もしRSSリストをファイルに保存しているなら、以下のようにする。
cat rss_list.txt | ./run.sh /任意パス/news.db
./run.shを./get_news.pyで動くようにしたほうが早いかもしれない。その場合はPythonでstdinを取得する方法を調べる。
echo -e "RSS1\nRSS2\nRSS3" | python3 get_news.py /任意パス/news.db cat rss_list.txt | python3 get_news.py /任意パス/news.db
2. 重複チェックとHTML取得最少化
メモリを使って高速化やフラグメンテーション回避を狙う。
:memory:→RAMディスクDB→ファイルDB
それぞれを以下のように別DBとしてattachして名付けたものとする。
attach ':memory:' as m; attach '/RAMディスク/news.db' as r; attach '/永続ディスク/news.db' as f;
2-1. インメモリDB
:memory:でインメモリDBを作り、そこで別カテゴリRSSを統合させる方法。
- 同一ソース源の別カテゴリRSSから取得したニュースを統合する:
:memory:insert or ignore m.news ... - DB内最新を取得する(統合ニュースから重複を削除):
./news.dbselect max(published) from f.news; - URLからHTML取得し本文抽出する
- DBへマージする:
:memory:update m.news set body=? where published=? and url=? - DBへマージする:
./news.dbinsert or fail into f.news(...) select ... from m.news;
2-2. RAMディスクDB
さらにRAMディスクDBファイルを作る方法。ニュース取得のプロセス終了後でも、電源ON〜OFFまでの間に得たニュースだけを見れる。場合によっては、そこから選択したニュースだけをファイルDBへ登録させても良い。

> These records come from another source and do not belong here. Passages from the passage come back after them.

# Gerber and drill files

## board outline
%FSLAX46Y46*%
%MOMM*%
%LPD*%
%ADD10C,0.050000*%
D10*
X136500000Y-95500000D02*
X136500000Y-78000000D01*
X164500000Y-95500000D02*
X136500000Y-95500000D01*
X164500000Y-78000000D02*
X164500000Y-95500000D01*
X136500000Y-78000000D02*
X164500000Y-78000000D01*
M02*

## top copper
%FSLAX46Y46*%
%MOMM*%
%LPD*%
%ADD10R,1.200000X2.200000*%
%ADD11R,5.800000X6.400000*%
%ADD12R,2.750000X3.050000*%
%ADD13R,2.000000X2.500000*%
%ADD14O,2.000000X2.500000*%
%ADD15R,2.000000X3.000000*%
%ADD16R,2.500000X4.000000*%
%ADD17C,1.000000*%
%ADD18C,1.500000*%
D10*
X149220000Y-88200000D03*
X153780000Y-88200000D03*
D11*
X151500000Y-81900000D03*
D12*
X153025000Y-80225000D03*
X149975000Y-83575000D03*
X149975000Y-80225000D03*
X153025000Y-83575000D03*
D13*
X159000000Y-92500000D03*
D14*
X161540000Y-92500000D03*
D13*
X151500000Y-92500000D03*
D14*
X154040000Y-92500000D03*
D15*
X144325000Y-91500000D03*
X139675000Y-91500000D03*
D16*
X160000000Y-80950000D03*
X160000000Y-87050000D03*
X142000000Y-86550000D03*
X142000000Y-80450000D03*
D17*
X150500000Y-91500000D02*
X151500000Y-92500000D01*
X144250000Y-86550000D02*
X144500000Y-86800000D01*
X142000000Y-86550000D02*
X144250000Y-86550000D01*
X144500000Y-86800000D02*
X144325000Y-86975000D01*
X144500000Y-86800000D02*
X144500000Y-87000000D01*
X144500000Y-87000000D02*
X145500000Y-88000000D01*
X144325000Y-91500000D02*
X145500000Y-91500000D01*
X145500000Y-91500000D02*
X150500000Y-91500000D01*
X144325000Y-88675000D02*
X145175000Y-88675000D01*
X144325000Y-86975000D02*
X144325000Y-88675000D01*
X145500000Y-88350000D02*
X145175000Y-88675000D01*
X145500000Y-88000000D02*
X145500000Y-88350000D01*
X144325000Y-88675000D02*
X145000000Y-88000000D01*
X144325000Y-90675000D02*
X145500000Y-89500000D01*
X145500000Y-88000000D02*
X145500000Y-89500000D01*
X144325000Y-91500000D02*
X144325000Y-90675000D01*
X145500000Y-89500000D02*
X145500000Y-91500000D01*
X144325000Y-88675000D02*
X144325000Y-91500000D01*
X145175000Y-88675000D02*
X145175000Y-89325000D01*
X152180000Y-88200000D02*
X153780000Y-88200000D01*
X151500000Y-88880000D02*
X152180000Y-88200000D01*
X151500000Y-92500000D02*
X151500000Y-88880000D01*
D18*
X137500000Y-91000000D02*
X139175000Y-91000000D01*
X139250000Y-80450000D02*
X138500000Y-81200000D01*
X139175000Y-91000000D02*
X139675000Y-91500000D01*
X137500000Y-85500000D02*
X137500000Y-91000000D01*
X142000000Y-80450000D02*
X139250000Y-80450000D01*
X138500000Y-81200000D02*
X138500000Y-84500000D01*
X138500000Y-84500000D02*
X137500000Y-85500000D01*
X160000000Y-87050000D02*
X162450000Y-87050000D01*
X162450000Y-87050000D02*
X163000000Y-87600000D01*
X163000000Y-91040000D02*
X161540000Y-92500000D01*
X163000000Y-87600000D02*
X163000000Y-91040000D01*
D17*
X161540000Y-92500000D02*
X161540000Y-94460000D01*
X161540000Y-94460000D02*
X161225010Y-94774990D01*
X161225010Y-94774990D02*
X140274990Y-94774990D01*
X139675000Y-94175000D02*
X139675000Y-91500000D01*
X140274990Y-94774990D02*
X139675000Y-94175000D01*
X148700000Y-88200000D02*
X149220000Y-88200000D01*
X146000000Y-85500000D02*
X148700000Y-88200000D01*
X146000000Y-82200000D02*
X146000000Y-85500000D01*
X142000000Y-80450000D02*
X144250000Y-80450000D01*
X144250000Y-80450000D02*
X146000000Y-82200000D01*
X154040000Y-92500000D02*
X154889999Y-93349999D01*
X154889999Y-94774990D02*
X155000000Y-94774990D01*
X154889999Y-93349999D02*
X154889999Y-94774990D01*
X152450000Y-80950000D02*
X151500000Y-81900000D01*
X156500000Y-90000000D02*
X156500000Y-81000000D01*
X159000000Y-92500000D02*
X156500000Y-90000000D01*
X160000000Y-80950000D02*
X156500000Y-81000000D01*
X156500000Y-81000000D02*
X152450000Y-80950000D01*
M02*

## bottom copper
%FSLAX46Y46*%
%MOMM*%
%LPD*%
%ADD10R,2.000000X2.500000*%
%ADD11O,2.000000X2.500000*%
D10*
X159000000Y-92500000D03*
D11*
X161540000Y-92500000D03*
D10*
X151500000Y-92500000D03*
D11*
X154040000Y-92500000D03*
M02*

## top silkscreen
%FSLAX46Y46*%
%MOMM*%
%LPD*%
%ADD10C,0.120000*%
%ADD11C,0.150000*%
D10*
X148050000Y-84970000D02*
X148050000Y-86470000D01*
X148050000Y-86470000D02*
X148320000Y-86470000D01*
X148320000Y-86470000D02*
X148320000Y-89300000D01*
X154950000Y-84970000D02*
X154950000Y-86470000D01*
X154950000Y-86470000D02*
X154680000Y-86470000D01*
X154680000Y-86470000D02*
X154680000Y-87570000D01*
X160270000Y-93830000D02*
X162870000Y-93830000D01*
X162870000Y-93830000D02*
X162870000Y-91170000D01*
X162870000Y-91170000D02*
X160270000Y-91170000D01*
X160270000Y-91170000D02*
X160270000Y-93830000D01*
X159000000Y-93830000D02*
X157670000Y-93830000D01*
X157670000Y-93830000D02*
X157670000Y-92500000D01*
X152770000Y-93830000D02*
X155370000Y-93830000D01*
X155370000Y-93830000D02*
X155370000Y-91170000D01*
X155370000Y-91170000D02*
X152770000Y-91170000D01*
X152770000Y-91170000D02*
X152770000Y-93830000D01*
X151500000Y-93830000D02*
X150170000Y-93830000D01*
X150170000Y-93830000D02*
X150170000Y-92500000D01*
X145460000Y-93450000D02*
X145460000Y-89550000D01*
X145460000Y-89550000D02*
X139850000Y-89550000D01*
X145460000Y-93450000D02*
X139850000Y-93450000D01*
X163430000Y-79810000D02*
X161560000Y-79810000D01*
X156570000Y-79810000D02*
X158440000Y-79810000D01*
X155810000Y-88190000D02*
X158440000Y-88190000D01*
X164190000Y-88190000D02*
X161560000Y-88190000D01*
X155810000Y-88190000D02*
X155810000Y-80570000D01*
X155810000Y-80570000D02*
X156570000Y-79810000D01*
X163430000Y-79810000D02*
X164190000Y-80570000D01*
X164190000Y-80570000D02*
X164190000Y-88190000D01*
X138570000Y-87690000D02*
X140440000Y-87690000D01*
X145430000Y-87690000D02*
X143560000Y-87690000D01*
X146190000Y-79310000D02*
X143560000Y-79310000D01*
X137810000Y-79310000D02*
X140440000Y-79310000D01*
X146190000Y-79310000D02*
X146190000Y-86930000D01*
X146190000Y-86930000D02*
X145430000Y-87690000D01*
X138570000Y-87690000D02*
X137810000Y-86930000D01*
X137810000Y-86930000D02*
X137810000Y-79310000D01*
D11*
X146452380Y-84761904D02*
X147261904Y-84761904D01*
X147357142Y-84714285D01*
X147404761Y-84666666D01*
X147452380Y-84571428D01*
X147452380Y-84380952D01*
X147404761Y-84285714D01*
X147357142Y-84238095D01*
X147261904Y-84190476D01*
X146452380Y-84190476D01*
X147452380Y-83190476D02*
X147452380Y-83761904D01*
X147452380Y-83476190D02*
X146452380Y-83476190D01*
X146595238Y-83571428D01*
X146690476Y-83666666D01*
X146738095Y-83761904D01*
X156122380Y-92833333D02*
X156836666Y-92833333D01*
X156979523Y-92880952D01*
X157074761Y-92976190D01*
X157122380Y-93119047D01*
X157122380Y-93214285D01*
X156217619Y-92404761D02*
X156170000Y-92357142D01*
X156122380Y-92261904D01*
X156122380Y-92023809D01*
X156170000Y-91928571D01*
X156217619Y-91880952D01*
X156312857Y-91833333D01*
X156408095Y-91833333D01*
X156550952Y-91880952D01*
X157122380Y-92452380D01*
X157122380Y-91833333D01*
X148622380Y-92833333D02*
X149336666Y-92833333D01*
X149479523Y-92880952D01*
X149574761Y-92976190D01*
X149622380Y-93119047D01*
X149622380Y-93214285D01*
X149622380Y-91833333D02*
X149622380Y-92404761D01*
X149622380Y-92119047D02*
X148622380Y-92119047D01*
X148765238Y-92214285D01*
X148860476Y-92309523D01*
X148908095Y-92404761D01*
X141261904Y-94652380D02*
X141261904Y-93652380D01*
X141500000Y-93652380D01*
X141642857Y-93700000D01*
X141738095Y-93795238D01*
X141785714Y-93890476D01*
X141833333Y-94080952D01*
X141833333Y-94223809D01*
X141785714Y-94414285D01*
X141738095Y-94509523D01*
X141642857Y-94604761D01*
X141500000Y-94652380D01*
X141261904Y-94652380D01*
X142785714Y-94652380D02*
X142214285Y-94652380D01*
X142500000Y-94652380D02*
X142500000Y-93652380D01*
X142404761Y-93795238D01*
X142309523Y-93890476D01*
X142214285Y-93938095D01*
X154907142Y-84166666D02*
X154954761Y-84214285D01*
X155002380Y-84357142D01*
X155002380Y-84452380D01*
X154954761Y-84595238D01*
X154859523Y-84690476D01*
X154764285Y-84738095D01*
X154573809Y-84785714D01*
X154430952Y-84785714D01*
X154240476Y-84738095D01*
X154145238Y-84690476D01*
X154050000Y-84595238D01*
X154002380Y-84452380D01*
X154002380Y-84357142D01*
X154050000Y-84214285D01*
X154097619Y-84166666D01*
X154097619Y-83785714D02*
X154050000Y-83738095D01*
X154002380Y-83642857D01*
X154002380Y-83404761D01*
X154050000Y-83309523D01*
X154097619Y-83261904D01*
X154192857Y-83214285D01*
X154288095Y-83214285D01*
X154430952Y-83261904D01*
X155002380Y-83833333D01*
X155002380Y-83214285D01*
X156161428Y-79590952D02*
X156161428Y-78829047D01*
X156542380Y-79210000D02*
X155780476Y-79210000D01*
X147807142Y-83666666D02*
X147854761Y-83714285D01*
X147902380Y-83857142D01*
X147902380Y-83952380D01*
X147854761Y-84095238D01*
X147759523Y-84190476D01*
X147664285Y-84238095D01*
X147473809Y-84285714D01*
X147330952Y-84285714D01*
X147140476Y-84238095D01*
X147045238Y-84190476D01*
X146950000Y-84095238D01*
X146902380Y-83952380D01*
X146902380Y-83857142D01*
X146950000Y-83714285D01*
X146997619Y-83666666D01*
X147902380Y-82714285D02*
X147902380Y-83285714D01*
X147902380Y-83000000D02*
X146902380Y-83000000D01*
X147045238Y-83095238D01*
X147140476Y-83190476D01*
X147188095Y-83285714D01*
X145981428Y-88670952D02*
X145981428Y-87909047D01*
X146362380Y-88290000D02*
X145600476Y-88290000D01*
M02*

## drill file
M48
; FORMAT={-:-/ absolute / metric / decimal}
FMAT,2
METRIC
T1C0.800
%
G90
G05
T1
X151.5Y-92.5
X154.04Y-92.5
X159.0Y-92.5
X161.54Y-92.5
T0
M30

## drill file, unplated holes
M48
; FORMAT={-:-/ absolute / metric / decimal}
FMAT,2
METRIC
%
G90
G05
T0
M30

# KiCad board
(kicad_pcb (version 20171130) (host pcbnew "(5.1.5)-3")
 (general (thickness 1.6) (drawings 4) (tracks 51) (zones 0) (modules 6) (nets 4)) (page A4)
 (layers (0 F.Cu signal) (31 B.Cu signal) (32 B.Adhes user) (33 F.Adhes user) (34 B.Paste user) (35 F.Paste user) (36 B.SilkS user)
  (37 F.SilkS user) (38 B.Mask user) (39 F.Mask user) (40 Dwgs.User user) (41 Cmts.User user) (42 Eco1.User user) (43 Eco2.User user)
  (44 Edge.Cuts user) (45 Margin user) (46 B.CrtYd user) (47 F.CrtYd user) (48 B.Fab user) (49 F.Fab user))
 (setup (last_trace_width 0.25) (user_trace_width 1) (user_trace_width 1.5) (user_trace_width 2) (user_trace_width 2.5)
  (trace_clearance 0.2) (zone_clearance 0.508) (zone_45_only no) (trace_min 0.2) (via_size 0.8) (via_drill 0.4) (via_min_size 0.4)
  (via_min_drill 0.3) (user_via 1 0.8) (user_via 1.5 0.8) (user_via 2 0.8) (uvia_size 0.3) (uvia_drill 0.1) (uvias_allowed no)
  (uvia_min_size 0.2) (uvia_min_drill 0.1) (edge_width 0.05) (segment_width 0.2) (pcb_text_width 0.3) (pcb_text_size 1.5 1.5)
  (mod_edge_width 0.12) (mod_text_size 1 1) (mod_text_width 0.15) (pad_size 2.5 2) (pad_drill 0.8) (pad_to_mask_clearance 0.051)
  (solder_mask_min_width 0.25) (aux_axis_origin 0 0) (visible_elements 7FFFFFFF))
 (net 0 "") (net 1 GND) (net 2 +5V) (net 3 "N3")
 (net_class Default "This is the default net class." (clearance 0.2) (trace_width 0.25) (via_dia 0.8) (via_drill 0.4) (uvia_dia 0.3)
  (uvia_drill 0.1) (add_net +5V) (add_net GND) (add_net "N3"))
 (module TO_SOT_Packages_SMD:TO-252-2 (layer F.Cu) (at 151.5 84 90)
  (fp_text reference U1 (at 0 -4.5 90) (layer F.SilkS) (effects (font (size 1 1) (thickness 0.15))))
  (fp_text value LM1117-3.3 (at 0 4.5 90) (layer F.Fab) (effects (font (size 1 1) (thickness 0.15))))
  (fp_line (start -0.97 -3.45) (end -2.47 -3.45) (layer F.SilkS) (width 0.12))
  (fp_line (start -2.47 -3.45) (end -2.47 -3.18) (layer F.SilkS) (width 0.12))
  (fp_line (start -2.47 -3.18) (end -5.3 -3.18) (layer F.SilkS) (width 0.12))
  (fp_line (start -0.97 3.45) (end -2.47 3.45) (layer F.SilkS) (width 0.12))
  (fp_line (start -2.47 3.45) (end -2.47 3.18) (layer F.SilkS) (width 0.12))
  (fp_line (start -2.47 3.18) (end -3.57 3.18) (layer F.SilkS) (width 0.12))
  (pad 1 smd rect (at -4.2 -2.28 90) (size 2.2 1.2) (layers F.Cu F.Paste F.Mask) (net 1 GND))
  (pad 3 smd rect (at -4.2 2.28 90) (size 2.2 1.2) (layers F.Cu F.Paste F.Mask) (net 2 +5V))
  (pad 2 smd rect (at 2.1 0 90) (size 6.4 5.8) (layers F.Cu F.Mask) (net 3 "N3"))
  (pad 2 smd rect (at 3.775 1.525 90) (size 3.05 2.75) (layers F.Cu F.Paste) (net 3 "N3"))
  (pad 2 smd rect (at 0.425 -1.525 90) (size 3.05 2.75) (layers F.Cu F.Paste) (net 3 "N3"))
  (pad 2 smd rect (at 3.775 -1.525 90) (size 3.05 2.75) (layers F.Cu F.Paste) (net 3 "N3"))
  (pad 2 smd rect (at 0.425 1.525 90) (size 3.05 2.75) (layers F.Cu F.Paste) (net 3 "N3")))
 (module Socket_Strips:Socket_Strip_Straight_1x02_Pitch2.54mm (layer F.Cu) (at 159 92.5 90)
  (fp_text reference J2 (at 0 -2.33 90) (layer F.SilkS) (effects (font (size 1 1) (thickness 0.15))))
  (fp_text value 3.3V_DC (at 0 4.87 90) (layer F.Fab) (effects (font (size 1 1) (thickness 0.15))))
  (fp_line (start -1.33 1.27) (end -1.33 3.87) (layer F.SilkS) (width 0.12))
  (fp_line (start -1.33 3.87) (end 1.33 3.87) (layer F.SilkS) (width 0.12))
  (fp_line (start 1.33 3.87) (end 1.33 1.27) (layer F.SilkS) (width 0.12))
  (fp_line (start 1.33 1.27) (end -1.33 1.27) (layer F.SilkS) (width 0.12))
  (fp_line (start -1.33 0) (end -1.33 -1.33) (layer F.SilkS) (width 0.12))
  (fp_line (start -1.33 -1.33) (end 0 -1.33) (layer F.SilkS) (width 0.12))
  (pad 1 thru_hole rect (at 0 0 90) (size 2.5 2) (drill 0.8) (layers *.Cu *.Mask) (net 3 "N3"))
  (pad 2 thru_hole oval (at 0 2.54 90) (size 2.5 2) (drill 0.8) (layers *.Cu *.Mask) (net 1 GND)))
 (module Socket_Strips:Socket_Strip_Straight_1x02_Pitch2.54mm (layer F.Cu) (at 151.5 92.5 90)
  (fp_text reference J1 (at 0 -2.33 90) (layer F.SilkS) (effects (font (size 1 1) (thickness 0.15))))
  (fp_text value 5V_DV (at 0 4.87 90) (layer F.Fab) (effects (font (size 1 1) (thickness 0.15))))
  (fp_line (start -1.33 1.27) (end -1.33 3.87) (layer F.SilkS) (width 0.12))
  (fp_line (start -1.33 3.87) (end 1.33 3.87) (layer F.SilkS) (width 0.12))
  (fp_line (start 1.33 3.87) (end 1.33 1.27) (layer F.SilkS) (width 0.12))
  (fp_line (start 1.33 1.27) (end -1.33 1.27) (layer F.SilkS) (width 0.12))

- 同一ソース源の別カテゴリRSSから取得したニュースを統合する:
:memory:insert or ignore m.news ... - DB内最新を取得する(統合ニュースから重複を削除):
RAMディスク/news.dbselect max(published) from r.news; - URLからHTML取得し本文抽出する
- DBへマージする:
:memory:update m.news set body=? where published=? and url=? - DBへマージする:
RAMディスク/news.dbinsert or fail into r.news(...) select ... from m.news; - DBへマージする:
./news.dbinsert or fail into f.news(...) select ... from m.news;
2-3. RSS用DB(RAMディスク)
上記までだと、本文抽出が完了するまでRSSが見れない。10分後かもしれない。もっと早く応答が欲しい。RSSだけ別DBにする。それをRAMディスクに配置する。
create table rss( published text not null, url text not null, title text not null, description text not null default '', UNIQUE(published,url) -- 記事の一意確認 );
2-4. 通知
本文が抽出されるには時間がかかる。完了したら通知して欲しい。
zenity --notification ...
フローを細かく
- インメモリDB
- ニュースが重複しうる複数のRSSをマージする
published,url,titleを取得する- それらが重複するものははじく
- ソートする:
order by published desc, url asc, id desc
- ニュースが重複しうる複数のRSSをマージする
- ファイルDB
- インメモリDBのうちファイルDBとの重複がないか探す
- 見つかれば、それ以前までのニュースのみ取り込む
[(published, url, title), ...]のうち重複ニュースを切り捨てる
- RSS用RAMディスクDBに挿入する
[(published, url, title), ...]
- 見つかれば、それ以前までのニュースのみ取り込む
- 本文を抽出する
[(published, url, title, body), ...]を生成する- ファイルDBに挿入する
- インメモリDBのうちファイルDBとの重複がないか探す
insertには時間がかかるためexecutemany()で一括挿入したい。だが、そのために全URLのHTML取得を完了させねばならない。そこに最も時間がかかる。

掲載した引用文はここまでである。